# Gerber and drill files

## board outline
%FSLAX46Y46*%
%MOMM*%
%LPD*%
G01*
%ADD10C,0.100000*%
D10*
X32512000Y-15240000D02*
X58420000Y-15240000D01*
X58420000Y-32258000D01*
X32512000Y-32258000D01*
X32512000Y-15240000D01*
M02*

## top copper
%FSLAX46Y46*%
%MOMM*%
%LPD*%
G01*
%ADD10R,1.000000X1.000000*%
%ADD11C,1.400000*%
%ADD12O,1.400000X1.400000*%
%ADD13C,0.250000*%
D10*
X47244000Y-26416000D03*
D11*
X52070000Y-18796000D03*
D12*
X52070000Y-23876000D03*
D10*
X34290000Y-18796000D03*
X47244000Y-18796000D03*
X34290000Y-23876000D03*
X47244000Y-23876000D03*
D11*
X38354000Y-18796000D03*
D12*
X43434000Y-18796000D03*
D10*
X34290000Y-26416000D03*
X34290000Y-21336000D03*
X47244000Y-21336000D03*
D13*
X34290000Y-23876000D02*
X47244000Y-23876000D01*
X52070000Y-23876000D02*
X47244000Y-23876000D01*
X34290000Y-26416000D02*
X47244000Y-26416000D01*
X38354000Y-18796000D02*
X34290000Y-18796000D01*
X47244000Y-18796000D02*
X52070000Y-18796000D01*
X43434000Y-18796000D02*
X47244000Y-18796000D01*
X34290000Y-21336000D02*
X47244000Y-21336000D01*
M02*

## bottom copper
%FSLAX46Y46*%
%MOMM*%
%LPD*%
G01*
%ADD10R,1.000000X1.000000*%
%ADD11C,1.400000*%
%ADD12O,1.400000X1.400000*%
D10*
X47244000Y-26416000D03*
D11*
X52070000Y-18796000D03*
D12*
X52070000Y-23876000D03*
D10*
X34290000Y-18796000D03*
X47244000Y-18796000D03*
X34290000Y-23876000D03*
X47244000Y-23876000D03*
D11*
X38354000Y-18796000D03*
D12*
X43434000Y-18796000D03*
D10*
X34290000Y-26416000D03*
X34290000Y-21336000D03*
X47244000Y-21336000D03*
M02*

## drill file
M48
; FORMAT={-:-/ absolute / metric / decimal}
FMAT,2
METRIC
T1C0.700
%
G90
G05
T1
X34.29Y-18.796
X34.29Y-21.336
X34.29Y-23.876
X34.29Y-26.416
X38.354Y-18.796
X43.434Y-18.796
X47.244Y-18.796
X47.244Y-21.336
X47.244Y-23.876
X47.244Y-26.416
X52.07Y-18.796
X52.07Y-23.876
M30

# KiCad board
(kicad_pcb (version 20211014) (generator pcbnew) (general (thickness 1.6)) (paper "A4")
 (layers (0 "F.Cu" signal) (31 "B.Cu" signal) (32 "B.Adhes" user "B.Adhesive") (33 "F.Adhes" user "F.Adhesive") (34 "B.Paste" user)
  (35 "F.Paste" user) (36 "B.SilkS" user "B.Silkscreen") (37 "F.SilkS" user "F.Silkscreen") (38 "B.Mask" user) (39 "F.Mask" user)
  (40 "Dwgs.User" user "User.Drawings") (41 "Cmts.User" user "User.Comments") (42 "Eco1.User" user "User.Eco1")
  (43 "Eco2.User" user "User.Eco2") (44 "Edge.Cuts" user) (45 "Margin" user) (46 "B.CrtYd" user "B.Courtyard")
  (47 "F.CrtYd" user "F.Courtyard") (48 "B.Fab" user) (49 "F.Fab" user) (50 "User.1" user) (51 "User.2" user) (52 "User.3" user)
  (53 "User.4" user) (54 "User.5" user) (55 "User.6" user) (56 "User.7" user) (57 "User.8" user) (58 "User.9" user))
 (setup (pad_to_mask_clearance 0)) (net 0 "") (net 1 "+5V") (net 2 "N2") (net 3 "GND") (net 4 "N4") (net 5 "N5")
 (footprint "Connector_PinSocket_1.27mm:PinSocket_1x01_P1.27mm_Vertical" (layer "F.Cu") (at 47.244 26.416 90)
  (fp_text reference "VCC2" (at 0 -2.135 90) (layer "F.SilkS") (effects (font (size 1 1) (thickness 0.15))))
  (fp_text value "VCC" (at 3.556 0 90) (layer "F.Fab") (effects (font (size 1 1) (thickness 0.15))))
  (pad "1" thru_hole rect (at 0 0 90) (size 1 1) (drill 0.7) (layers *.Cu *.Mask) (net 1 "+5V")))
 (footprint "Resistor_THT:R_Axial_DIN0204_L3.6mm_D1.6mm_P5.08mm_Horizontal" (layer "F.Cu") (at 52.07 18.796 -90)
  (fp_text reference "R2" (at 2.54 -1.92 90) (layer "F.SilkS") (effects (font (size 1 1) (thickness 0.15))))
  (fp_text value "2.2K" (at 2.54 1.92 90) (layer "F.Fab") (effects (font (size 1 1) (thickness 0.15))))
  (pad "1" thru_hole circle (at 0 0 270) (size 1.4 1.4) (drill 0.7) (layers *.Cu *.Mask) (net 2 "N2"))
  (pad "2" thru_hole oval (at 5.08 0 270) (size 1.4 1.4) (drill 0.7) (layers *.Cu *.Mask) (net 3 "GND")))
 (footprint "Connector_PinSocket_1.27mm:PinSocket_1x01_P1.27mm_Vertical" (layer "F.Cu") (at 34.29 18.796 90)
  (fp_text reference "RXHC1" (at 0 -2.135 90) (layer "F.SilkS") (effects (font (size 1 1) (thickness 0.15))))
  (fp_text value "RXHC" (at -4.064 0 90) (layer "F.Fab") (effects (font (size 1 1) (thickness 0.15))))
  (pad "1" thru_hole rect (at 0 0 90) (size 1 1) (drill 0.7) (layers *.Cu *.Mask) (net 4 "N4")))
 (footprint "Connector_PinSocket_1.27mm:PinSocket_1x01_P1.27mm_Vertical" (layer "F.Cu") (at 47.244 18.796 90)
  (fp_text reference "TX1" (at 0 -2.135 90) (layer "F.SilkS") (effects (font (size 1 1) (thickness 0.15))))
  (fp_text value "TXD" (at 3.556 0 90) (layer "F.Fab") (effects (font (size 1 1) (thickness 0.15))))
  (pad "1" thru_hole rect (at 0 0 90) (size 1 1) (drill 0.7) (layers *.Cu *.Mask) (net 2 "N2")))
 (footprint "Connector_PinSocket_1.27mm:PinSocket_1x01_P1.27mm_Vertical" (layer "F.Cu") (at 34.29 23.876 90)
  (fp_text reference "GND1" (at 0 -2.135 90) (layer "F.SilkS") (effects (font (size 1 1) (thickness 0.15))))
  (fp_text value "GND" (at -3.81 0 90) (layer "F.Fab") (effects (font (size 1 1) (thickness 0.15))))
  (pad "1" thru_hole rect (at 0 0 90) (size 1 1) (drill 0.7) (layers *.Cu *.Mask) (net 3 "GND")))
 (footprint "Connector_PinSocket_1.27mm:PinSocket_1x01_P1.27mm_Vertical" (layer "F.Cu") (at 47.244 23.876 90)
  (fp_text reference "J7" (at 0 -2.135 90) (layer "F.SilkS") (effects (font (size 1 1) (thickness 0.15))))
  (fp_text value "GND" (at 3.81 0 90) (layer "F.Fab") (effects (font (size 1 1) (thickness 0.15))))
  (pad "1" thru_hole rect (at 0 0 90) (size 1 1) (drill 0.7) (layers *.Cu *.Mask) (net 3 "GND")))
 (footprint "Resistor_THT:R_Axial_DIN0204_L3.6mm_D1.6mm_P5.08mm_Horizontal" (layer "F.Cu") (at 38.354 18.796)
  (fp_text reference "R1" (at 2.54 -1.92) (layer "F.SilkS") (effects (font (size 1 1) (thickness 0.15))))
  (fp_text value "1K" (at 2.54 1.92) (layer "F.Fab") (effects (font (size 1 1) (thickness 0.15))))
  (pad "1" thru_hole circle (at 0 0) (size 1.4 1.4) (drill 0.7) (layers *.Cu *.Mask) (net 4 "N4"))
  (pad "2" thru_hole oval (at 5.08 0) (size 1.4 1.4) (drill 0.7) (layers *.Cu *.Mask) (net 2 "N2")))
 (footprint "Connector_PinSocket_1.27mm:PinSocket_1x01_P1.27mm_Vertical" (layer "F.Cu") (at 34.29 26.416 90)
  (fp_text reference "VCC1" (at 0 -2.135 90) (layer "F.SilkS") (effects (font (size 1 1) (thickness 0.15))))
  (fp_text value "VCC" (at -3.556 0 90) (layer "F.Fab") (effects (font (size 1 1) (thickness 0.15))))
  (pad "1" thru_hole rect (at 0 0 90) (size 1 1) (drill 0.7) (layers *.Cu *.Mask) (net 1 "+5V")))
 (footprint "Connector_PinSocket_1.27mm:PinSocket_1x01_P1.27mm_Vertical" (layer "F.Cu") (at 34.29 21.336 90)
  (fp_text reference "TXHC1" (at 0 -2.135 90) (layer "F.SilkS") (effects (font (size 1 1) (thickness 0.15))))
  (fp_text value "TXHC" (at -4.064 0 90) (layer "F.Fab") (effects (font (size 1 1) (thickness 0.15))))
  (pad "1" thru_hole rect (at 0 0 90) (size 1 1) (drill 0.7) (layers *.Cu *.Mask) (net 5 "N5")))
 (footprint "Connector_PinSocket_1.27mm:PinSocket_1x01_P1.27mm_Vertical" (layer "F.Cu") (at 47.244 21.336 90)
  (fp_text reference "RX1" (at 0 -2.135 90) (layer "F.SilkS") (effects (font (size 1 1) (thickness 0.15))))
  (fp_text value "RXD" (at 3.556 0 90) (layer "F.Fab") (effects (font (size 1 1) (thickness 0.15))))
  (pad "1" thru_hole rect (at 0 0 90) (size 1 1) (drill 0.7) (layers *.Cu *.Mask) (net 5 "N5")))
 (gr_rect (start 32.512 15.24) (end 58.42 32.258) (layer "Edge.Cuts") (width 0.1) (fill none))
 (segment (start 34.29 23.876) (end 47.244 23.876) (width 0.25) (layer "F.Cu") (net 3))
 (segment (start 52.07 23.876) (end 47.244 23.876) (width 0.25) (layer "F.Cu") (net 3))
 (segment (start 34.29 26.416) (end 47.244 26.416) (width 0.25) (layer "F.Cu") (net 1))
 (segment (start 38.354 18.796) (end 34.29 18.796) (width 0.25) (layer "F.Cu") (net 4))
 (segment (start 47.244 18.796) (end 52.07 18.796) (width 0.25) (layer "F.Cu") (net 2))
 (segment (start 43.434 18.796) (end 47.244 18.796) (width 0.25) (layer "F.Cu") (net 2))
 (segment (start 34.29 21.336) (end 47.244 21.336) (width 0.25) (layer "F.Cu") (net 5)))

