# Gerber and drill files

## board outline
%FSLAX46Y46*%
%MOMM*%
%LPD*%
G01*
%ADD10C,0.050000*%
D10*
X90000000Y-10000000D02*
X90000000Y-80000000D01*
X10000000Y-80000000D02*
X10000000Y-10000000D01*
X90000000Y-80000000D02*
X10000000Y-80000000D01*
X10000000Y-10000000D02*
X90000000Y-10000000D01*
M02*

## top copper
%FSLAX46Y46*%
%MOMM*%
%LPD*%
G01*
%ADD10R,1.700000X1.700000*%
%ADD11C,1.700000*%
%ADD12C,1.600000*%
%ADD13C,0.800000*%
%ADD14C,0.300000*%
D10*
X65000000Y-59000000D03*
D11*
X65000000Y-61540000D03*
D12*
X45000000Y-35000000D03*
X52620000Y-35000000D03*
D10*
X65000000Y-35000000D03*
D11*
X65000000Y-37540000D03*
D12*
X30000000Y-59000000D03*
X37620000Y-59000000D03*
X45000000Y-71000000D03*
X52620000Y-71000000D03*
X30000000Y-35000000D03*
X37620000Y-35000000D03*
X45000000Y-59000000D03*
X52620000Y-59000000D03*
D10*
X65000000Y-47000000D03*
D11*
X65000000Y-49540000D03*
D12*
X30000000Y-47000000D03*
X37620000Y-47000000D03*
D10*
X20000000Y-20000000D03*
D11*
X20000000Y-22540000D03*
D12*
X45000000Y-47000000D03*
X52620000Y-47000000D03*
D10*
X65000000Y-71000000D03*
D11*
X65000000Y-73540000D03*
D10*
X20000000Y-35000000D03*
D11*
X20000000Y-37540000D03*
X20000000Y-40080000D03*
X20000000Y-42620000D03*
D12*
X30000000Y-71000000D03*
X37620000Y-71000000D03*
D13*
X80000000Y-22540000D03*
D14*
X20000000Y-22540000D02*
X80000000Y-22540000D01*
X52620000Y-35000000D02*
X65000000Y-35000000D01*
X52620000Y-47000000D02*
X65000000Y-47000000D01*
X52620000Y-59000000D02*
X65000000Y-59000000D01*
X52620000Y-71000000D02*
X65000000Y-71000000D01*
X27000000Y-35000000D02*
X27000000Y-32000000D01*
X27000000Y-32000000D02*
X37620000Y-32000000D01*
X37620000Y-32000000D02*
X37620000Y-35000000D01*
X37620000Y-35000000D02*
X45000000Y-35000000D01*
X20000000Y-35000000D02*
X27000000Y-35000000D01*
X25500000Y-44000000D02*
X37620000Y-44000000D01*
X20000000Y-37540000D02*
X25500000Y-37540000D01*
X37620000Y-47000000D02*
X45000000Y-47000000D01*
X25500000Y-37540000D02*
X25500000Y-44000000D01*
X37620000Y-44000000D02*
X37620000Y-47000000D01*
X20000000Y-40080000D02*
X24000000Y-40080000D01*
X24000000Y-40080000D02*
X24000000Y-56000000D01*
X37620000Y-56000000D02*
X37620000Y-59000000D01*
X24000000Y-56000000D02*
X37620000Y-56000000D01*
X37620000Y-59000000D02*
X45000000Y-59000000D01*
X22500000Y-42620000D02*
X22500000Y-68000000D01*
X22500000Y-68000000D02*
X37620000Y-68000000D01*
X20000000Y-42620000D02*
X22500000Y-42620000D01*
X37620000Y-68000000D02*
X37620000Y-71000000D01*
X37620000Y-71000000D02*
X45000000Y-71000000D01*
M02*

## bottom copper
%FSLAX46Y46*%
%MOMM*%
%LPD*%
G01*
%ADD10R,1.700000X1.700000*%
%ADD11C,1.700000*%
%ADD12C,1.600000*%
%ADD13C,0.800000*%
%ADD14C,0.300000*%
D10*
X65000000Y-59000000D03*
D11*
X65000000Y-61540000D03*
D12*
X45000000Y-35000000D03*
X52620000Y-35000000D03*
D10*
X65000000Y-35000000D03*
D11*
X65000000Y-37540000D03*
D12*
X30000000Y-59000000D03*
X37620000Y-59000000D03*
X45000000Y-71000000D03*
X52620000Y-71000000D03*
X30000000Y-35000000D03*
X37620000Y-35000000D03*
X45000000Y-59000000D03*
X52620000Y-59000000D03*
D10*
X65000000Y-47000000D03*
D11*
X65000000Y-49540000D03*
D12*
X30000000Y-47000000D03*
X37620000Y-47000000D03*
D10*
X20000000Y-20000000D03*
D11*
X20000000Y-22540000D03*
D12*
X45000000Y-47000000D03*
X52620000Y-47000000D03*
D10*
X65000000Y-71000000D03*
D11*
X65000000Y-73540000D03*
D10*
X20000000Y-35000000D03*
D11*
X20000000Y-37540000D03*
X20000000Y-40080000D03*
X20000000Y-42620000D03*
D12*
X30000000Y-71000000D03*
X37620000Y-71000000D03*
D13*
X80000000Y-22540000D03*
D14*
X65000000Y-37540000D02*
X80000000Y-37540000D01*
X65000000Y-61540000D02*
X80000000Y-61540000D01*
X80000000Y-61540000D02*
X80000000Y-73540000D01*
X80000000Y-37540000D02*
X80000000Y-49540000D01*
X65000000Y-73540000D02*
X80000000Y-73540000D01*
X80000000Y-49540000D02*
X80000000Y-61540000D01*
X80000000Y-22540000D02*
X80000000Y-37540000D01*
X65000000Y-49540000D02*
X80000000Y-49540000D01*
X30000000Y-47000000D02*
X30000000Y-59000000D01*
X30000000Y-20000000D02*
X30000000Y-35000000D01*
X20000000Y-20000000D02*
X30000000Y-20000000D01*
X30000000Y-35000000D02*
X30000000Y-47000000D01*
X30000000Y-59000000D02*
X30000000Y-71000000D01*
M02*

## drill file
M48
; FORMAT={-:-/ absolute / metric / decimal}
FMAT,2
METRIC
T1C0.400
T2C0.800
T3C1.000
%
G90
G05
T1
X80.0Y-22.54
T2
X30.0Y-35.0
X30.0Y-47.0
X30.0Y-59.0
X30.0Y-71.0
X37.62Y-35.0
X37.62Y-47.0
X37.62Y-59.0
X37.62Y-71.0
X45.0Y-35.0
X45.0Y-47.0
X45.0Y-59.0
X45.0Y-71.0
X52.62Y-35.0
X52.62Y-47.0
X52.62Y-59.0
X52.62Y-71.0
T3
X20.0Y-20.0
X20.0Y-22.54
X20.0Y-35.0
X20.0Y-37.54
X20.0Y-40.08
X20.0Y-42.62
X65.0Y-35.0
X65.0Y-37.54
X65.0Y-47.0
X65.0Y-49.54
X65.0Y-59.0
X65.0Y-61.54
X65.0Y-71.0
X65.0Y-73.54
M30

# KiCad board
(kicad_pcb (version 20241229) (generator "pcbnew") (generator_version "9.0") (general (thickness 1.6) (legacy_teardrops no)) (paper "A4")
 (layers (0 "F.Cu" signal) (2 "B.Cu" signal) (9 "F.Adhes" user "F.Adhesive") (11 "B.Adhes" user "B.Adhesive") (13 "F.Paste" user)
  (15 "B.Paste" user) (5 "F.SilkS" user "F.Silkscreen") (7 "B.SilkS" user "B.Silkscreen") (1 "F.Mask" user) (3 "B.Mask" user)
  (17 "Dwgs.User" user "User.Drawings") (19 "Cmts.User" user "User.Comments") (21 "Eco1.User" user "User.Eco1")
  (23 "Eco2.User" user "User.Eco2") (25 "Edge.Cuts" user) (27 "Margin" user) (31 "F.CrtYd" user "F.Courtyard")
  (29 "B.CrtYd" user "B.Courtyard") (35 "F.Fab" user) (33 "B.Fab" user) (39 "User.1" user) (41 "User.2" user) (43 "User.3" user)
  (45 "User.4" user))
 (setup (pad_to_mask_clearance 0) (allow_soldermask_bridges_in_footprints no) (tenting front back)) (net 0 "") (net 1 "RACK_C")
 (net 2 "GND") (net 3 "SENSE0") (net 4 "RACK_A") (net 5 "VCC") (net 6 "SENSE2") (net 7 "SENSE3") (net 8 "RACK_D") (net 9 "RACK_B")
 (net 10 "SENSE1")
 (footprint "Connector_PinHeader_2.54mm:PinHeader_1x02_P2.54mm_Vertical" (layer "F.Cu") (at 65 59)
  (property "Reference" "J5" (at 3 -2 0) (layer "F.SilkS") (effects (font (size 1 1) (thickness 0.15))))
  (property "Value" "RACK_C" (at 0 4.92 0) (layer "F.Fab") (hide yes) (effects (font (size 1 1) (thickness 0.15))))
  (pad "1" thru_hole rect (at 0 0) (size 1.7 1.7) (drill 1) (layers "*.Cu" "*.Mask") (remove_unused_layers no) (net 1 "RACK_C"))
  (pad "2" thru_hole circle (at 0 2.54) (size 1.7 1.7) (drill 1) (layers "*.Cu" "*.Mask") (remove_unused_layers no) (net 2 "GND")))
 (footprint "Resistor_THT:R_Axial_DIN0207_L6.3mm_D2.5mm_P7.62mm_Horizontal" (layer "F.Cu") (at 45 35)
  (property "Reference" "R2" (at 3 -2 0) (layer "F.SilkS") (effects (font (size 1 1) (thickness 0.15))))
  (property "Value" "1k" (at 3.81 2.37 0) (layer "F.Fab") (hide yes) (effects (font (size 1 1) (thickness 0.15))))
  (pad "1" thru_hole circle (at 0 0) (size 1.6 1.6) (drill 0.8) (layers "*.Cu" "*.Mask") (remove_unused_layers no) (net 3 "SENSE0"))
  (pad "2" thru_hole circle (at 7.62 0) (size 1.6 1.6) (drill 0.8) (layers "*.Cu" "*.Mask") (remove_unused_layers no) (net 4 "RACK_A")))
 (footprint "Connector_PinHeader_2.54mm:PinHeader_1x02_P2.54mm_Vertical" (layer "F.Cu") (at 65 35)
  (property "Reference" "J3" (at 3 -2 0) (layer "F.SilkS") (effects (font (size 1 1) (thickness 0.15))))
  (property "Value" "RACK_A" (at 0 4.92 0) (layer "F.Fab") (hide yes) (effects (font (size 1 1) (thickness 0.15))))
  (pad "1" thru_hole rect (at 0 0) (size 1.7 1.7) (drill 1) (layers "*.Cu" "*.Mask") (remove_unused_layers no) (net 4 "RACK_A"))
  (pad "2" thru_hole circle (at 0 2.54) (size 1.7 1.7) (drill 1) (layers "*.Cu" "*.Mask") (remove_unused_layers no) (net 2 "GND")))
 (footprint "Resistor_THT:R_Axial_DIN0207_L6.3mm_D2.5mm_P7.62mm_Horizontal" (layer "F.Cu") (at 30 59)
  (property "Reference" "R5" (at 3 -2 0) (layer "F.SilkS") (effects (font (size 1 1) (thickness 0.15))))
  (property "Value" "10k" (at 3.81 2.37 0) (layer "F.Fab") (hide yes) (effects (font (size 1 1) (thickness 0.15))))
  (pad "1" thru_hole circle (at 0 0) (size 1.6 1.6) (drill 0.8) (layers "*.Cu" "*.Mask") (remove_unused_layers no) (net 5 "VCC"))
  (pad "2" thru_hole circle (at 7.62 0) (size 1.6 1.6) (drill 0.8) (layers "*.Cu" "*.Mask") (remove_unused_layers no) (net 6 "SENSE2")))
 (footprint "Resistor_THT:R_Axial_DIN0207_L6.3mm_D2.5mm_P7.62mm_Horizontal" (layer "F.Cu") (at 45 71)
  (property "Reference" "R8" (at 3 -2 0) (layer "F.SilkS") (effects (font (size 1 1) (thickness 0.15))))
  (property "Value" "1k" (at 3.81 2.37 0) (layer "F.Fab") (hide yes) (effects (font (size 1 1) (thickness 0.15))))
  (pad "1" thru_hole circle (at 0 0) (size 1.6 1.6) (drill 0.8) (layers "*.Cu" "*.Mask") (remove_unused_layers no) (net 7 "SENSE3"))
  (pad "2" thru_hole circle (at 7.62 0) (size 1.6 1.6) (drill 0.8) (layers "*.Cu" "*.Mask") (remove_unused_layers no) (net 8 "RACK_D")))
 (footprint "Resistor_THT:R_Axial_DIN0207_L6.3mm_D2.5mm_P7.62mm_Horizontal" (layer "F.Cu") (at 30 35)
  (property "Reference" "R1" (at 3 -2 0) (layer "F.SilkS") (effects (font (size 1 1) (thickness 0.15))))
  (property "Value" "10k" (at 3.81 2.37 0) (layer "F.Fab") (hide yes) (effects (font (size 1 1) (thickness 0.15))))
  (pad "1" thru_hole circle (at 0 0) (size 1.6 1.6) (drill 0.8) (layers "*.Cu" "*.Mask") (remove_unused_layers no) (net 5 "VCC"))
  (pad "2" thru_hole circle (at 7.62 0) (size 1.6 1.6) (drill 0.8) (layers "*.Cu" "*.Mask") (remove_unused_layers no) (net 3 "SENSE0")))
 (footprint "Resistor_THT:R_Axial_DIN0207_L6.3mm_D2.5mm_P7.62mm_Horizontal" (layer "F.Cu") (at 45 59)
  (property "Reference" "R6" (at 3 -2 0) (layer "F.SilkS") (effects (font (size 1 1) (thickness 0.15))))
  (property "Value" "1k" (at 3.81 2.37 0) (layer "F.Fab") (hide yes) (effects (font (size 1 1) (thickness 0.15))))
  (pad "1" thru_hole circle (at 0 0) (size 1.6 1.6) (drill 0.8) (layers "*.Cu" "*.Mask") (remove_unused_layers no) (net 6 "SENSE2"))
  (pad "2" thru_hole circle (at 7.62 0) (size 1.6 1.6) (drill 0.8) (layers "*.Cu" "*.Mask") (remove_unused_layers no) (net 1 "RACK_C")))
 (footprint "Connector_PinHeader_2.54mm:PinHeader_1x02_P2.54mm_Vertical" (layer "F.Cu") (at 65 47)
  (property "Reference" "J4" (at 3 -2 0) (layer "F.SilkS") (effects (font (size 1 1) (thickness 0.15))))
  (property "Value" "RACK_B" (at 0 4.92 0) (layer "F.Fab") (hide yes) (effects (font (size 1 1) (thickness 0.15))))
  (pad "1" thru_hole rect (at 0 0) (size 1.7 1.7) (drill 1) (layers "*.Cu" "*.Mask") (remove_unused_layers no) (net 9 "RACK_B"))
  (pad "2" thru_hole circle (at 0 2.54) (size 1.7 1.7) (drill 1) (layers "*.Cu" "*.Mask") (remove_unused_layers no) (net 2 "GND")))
== == ==
> BRIEF
Search the data for "signal". Copy every line that has it.

> SOLVED PROBLEM
 (layers (0 "F.Cu" signal) (31 "B.Cu" signal) (32 "B.Adhes" user "B.Adhesive") (33 "F.Adhes" user "F.Adhesive") (34 "B.Paste" user)
 (layers (0 "F.Cu" signal) (2 "B.Cu" signal) (9 "F.Adhes" user "F.Adhesive") (11 "B.Adhes" user "B.Adhesive") (13 "F.Paste" user)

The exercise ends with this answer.